FDA is leading the movement toward the use of standard quantitative measures to monitor manufacturing quality across the industry and enable a next-generation, risk-based inspection system. A “quality scorecard” approach is being considered that would allow comparison of peer firms to industry averages and expectations.
Beyond meeting the minimal compliance requirements to collect and share relevant data, the right approach to integrating and managing manufacturing data can also enable higher levels of performance by identifying signals in near-real-time and recognizing trends of concern to avoid future problems. Our solutions promote site- and product-specific analysis capabilities and unique area decision support to enable:
- Enhanced compliance with evolving regulations and data integrity standards, including development of critical reporting capabilities and mechanisms for sharing metrics data with FDA and other regulators easily.
- Visualization of key manufacturing insights allowing both rapid response to detected problems and predictive power to promote continuous improvement.
- Avoidance of quality-related interruptions of drug supply by allowing monitoring of manufacturing and support-related functions, including user-defined alerts and notifications, throughout the product lifecycle.
- A reduced regulatory burden more proportionate to an efficiently and effectively managed metrics program with a minimum of additional overhead.
We are typically engaged by Quality leaders who are interested in taking a data-driven approach to proactively reduce manufacturing risks and ensure compliance. To do so requires identifying the true KPIs and extracting the real value of data contained in multiple sources or not adequately captured. Integrating data and systems enables these leaders and their teams with strategic visualization, streamlined processes for reporting and timely decision-making.

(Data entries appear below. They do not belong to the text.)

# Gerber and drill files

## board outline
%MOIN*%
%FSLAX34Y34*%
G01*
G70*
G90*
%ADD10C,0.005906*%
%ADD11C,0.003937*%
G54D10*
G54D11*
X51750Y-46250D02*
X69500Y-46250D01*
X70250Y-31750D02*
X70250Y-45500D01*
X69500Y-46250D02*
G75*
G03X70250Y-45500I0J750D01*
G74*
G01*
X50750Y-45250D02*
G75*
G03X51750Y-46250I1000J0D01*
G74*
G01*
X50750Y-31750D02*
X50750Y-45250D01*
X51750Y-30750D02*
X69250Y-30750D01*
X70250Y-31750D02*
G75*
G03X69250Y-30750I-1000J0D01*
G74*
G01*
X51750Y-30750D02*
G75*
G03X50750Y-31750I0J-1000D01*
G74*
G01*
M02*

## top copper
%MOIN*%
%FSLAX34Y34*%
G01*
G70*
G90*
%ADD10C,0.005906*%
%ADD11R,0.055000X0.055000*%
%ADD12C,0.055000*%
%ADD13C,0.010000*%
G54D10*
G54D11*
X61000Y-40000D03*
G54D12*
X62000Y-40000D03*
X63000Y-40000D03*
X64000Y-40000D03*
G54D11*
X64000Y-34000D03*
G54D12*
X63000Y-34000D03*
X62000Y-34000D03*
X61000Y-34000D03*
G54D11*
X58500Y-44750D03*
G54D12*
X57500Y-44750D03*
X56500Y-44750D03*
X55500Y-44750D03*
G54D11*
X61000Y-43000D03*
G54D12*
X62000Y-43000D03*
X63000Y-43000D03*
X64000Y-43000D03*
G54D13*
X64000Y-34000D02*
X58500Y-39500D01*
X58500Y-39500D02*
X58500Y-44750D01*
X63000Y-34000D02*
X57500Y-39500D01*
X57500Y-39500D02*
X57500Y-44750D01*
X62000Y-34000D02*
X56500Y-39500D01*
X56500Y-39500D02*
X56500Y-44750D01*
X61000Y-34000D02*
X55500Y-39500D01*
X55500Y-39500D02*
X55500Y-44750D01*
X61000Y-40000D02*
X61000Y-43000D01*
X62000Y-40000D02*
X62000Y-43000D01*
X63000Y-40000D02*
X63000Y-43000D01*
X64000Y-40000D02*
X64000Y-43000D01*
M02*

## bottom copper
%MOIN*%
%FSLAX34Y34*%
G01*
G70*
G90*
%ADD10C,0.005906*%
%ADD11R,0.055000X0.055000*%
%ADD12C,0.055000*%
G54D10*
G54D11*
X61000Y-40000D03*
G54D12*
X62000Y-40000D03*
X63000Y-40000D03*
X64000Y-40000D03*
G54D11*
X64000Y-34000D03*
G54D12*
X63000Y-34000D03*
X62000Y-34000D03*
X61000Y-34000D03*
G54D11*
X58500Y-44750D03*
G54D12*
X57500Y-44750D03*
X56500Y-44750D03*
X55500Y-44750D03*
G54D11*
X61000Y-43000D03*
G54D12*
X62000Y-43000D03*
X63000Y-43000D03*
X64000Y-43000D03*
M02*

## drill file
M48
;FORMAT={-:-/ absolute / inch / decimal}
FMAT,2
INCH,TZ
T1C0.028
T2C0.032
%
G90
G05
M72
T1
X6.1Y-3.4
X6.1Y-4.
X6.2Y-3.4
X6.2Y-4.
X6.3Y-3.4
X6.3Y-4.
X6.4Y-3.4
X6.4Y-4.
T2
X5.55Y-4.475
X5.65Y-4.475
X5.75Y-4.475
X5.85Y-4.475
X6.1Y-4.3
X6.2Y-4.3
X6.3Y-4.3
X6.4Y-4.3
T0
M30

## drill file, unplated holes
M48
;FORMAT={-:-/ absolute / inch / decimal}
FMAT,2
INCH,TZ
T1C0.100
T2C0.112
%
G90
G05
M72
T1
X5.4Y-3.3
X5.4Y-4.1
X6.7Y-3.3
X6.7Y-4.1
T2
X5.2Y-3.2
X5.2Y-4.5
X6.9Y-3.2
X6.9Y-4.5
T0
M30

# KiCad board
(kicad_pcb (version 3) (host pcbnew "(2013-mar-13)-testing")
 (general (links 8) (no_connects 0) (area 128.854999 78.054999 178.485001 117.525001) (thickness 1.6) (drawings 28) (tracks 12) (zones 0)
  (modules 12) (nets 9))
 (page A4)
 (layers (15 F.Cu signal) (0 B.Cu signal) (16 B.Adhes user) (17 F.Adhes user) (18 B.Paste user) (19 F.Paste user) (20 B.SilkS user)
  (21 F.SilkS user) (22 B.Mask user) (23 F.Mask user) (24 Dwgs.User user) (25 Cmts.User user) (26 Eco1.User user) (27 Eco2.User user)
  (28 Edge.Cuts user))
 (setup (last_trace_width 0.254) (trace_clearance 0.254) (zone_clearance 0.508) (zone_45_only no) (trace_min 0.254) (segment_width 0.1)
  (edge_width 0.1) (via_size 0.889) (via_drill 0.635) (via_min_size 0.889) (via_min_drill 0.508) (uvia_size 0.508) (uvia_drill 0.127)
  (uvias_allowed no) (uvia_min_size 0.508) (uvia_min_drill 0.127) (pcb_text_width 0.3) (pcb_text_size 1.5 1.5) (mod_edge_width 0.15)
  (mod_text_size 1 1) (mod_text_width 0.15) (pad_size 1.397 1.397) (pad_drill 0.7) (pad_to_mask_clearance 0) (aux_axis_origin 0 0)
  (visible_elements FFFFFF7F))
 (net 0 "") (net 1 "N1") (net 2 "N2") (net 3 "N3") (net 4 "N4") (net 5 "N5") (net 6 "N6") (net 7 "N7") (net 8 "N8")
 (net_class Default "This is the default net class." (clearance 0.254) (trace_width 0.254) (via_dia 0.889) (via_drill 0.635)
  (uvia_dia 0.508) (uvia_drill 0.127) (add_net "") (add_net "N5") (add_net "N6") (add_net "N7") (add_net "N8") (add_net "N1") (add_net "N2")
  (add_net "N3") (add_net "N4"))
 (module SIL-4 (layer F.Cu) (at 158.75 101.6)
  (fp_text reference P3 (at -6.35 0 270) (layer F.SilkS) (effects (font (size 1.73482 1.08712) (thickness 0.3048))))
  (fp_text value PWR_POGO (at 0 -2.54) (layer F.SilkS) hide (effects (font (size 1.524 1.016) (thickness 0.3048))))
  (pad 1 thru_hole rect (at -3.81 0) (size 1.397 1.397) (drill 0.7) (layers *.Cu *.Mask F.SilkS) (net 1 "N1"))
  (pad 2 thru_hole circle (at -1.27 0) (size 1.397 1.397) (drill 0.7) (layers *.Cu *.Mask F.SilkS) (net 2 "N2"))
  (pad 3 thru_hole circle (at 1.27 0) (size 1.397 1.397) (drill 0.7) (layers *.Cu *.Mask F.SilkS) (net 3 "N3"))
  (pad 4 thru_hole circle (at 3.81 0) (size 1.397 1.397) (drill 0.7) (layers *.Cu *.Mask F.SilkS) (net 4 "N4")))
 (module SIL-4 (layer F.Cu) (at 158.75 86.36 180)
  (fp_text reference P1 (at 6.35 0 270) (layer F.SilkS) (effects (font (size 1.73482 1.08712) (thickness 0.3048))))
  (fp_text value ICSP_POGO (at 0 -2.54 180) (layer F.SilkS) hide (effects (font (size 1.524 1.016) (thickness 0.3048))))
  (pad 1 thru_hole rect (at -3.81 0 180) (size 1.397 1.397) (drill 0.7) (layers *.Cu *.Mask F.SilkS) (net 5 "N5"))
  (pad 2 thru_hole circle (at -1.27 0 180) (size 1.397 1.397) (drill 0.7) (layers *.Cu *.Mask F.SilkS) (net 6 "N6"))
  (pad 3 thru_hole circle (at 1.27 0 180) (size 1.397 1.397) (drill 0.7) (layers *.Cu *.Mask F.SilkS) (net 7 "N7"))
  (pad 4 thru_hole circle (at 3.81 0 180) (size 1.397 1.397) (drill 0.7) (layers *.Cu *.Mask F.SilkS) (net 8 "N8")))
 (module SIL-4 (layer F.Cu) (at 144.78 113.665 180)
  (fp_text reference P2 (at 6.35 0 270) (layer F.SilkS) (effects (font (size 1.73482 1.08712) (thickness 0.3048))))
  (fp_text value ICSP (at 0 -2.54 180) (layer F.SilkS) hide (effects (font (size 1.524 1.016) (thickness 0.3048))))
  (pad 1 thru_hole rect (at -3.81 0 180) (size 1.397 1.397) (drill 0.8128) (layers *.Cu *.Mask F.SilkS) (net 5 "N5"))
  (pad 2 thru_hole circle (at -1.27 0 180) (size 1.397 1.397) (drill 0.8128) (layers *.Cu *.Mask F.SilkS) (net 6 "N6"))
  (pad 3 thru_hole circle (at 1.27 0 180) (size 1.397 1.397) (drill 0.8128) (layers *.Cu *.Mask F.SilkS) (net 7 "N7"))
  (pad 4 thru_hole circle (at 3.81 0 180) (size 1.397 1.397) (drill 0.8128) (layers *.Cu *.Mask F.SilkS) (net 8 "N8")))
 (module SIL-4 (layer F.Cu) (at 158.75 109.22)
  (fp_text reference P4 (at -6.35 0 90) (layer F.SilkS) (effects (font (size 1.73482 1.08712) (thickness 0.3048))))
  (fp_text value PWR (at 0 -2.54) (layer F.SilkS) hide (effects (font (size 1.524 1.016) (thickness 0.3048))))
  (pad 1 thru_hole rect (at -3.81 0) (size 1.397 1.397) (drill 0.8128) (layers *.Cu *.Mask F.SilkS) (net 1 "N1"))
  (pad 2 thru_hole circle (at -1.27 0) (size 1.397 1.397) (drill 0.8128) (layers *.Cu *.Mask F.SilkS) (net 2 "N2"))
  (pad 3 thru_hole circle (at 1.27 0) (size 1.397 1.397) (drill 0.8128) (layers *.Cu *.Mask F.SilkS) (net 3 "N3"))
  (pad 4 thru_hole circle (at 3.81 0) (size 1.397 1.397) (drill 0.8128) (layers *.Cu *.Mask F.SilkS) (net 4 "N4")))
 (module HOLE (layer F.Cu) (at 137.16 83.82)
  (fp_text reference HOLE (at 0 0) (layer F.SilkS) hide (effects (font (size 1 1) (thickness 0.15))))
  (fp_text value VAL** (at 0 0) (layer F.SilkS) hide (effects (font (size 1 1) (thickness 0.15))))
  (pad "" np_thru_hole circle (at 0 0) (size 2.54 2.54) (drill 2.54) (layers *.Cu *.Mask F.SilkS)))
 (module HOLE (layer F.Cu) (at 170.18 83.82)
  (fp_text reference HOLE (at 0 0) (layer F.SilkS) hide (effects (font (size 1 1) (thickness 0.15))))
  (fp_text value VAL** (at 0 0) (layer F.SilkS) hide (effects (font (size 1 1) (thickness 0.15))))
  (pad "" np_thru_hole circle (at 0 0) (size 2.54 2.54) (drill 2.54) (layers *.Cu *.Mask F.SilkS)))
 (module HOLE (layer F.Cu) (at 137.16 104.14)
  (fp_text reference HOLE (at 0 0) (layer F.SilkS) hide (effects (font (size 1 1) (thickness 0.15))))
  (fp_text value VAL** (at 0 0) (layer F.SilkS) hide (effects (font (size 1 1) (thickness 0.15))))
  (pad "" np_thru_hole circle (at 0 0) (size 2.54 2.54) (drill 2.54) (layers *.Cu *.Mask F.SilkS)))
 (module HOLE (layer F.Cu) (at 170.18 104.14)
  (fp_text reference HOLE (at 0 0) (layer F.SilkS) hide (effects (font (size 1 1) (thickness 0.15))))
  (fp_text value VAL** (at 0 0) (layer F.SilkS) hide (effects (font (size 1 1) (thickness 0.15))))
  (pad "" np_thru_hole circle (at 0 0) (size 2.54 2.54) (drill 2.54) (layers *.Cu *.Mask F.SilkS)))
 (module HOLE (layer F.Cu) (at 132.08 81.28)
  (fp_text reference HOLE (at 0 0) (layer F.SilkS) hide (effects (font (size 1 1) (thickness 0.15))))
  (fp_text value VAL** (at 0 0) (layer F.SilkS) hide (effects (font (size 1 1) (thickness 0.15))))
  (pad "" np_thru_hole circle (at 0 0) (size 2.85 2.85) (drill 2.85) (layers *.Cu *.Mask F.SilkS)))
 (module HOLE (layer F.Cu) (at 175.26 81.28)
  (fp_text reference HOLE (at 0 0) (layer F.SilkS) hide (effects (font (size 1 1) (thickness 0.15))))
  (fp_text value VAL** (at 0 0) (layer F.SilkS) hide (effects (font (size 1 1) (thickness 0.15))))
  (pad "" np_thru_hole circle (at 0 0) (size 2.85 2.85) (drill 2.85) (layers *.Cu *.Mask F.SilkS)))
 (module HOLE (layer F.Cu) (at 132.08 114.3)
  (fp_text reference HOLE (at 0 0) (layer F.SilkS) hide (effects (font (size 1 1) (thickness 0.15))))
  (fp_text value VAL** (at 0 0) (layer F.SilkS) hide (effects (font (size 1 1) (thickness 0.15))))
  (pad "" np_thru_hole circle (at 0 0) (size 2.85 2.85) (drill 2.85) (layers *.Cu *.Mask F.SilkS)))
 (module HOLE (layer F.Cu) (at 175.26 114.3)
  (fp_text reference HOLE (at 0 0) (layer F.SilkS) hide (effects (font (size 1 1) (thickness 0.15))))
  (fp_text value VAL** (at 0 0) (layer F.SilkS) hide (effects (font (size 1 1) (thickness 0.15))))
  (pad "" np_thru_hole circle (at 0 0) (size 2.85 2.85) (drill 2.85) (layers *.Cu *.Mask F.SilkS)))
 (gr_line (start 131.445 117.475) (end 176.53 117.475) (angle 90) (layer Edge.Cuts) (width 0.1))
 (gr_line (start 178.435 80.645) (end 178.435 115.57) (angle 90) (layer Edge.Cuts) (width 0.1))
 (gr_arc (start 176.53 115.57) (end 178.435 115.57) (angle 90) (layer Edge.Cuts) (width 0.1))
 (gr_arc (start 131.445 114.935) (end 131.445 117.475) (angle 90) (layer Edge.Cuts) (width 0.1))
 (gr_line (start 128.905 80.645) (end 128.905 114.935) (angle 90) (layer Edge.Cuts) (width 0.1))
 (gr_line (start 131.445 78.105) (end 175.895 78.105) (angle 90) (layer Edge.Cuts) (width 0.1))
 (gr_arc (start 175.895 80.645) (end 175.895 78.105) (angle 90) (layer Edge.Cuts) (width 0.1))
 (gr_arc (start 131.445 80.645) (end 128.905 80.645) (angle 90) (layer Edge.Cuts) (width 0.1))
 (segment (start 162.56 86.36) (end 148.59 100.33) (width 0.254) (layer F.Cu) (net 5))
 (segment (start 148.59 100.33) (end 148.59 113.665) (width 0.254) (layer F.Cu) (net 5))
 (segment (start 160.02 86.36) (end 146.05 100.33) (width 0.254) (layer F.Cu) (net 6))
 (segment (start 146.05 100.33) (end 146.05 113.665) (width 0.254) (layer F.Cu) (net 6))
 (segment (start 157.48 86.36) (end 143.51 100.33) (width 0.254) (layer F.Cu) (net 7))
 (segment (start 143.51 100.33) (end 143.51 113.665) (width 0.254) (layer F.Cu) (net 7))
 (segment (start 154.94 86.36) (end 140.97 100.33) (width 0.254) (layer F.Cu) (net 8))
 (segment (start 140.97 100.33) (end 140.97 113.665) (width 0.254) (layer F.Cu) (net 8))
 (segment (start 154.94 101.6) (end 154.94 109.22) (width 0.254) (layer F.Cu) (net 1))
 (segment (start 157.48 101.6) (end 157.48 109.22) (width 0.254) (layer F.Cu) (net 2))
 (segment (start 160.02 101.6) (end 160.02 109.22) (width 0.254) (layer F.Cu) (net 3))
 (segment (start 162.56 101.6) (end 162.56 109.22) (width 0.254) (layer F.Cu) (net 4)))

Such leaders and their teams benefit from tools such as:
- Integrated, secure Quality Dashboards that can be tailored to your needs, with drill-down capabilities to understand root cause and drive strategic resource allocation
- Flexible and scalable processes to address evolving global operations and key quality systems indicators including OOS and batch failure rates, complaints, CAPA effectiveness, APQR preparedness, etc.
- Solutions tailored to the unique demands of your products and supply chain and simplified reporting both internally and in line with the latest health authority requirements
Our life science quality and information management experts will use their advanced competencies and deep domain knowledge to help you by:
- Managing the project through planning, analysis, business design, and implementation phases while enabling multi-stage deployment based on functional capabilities and priorities.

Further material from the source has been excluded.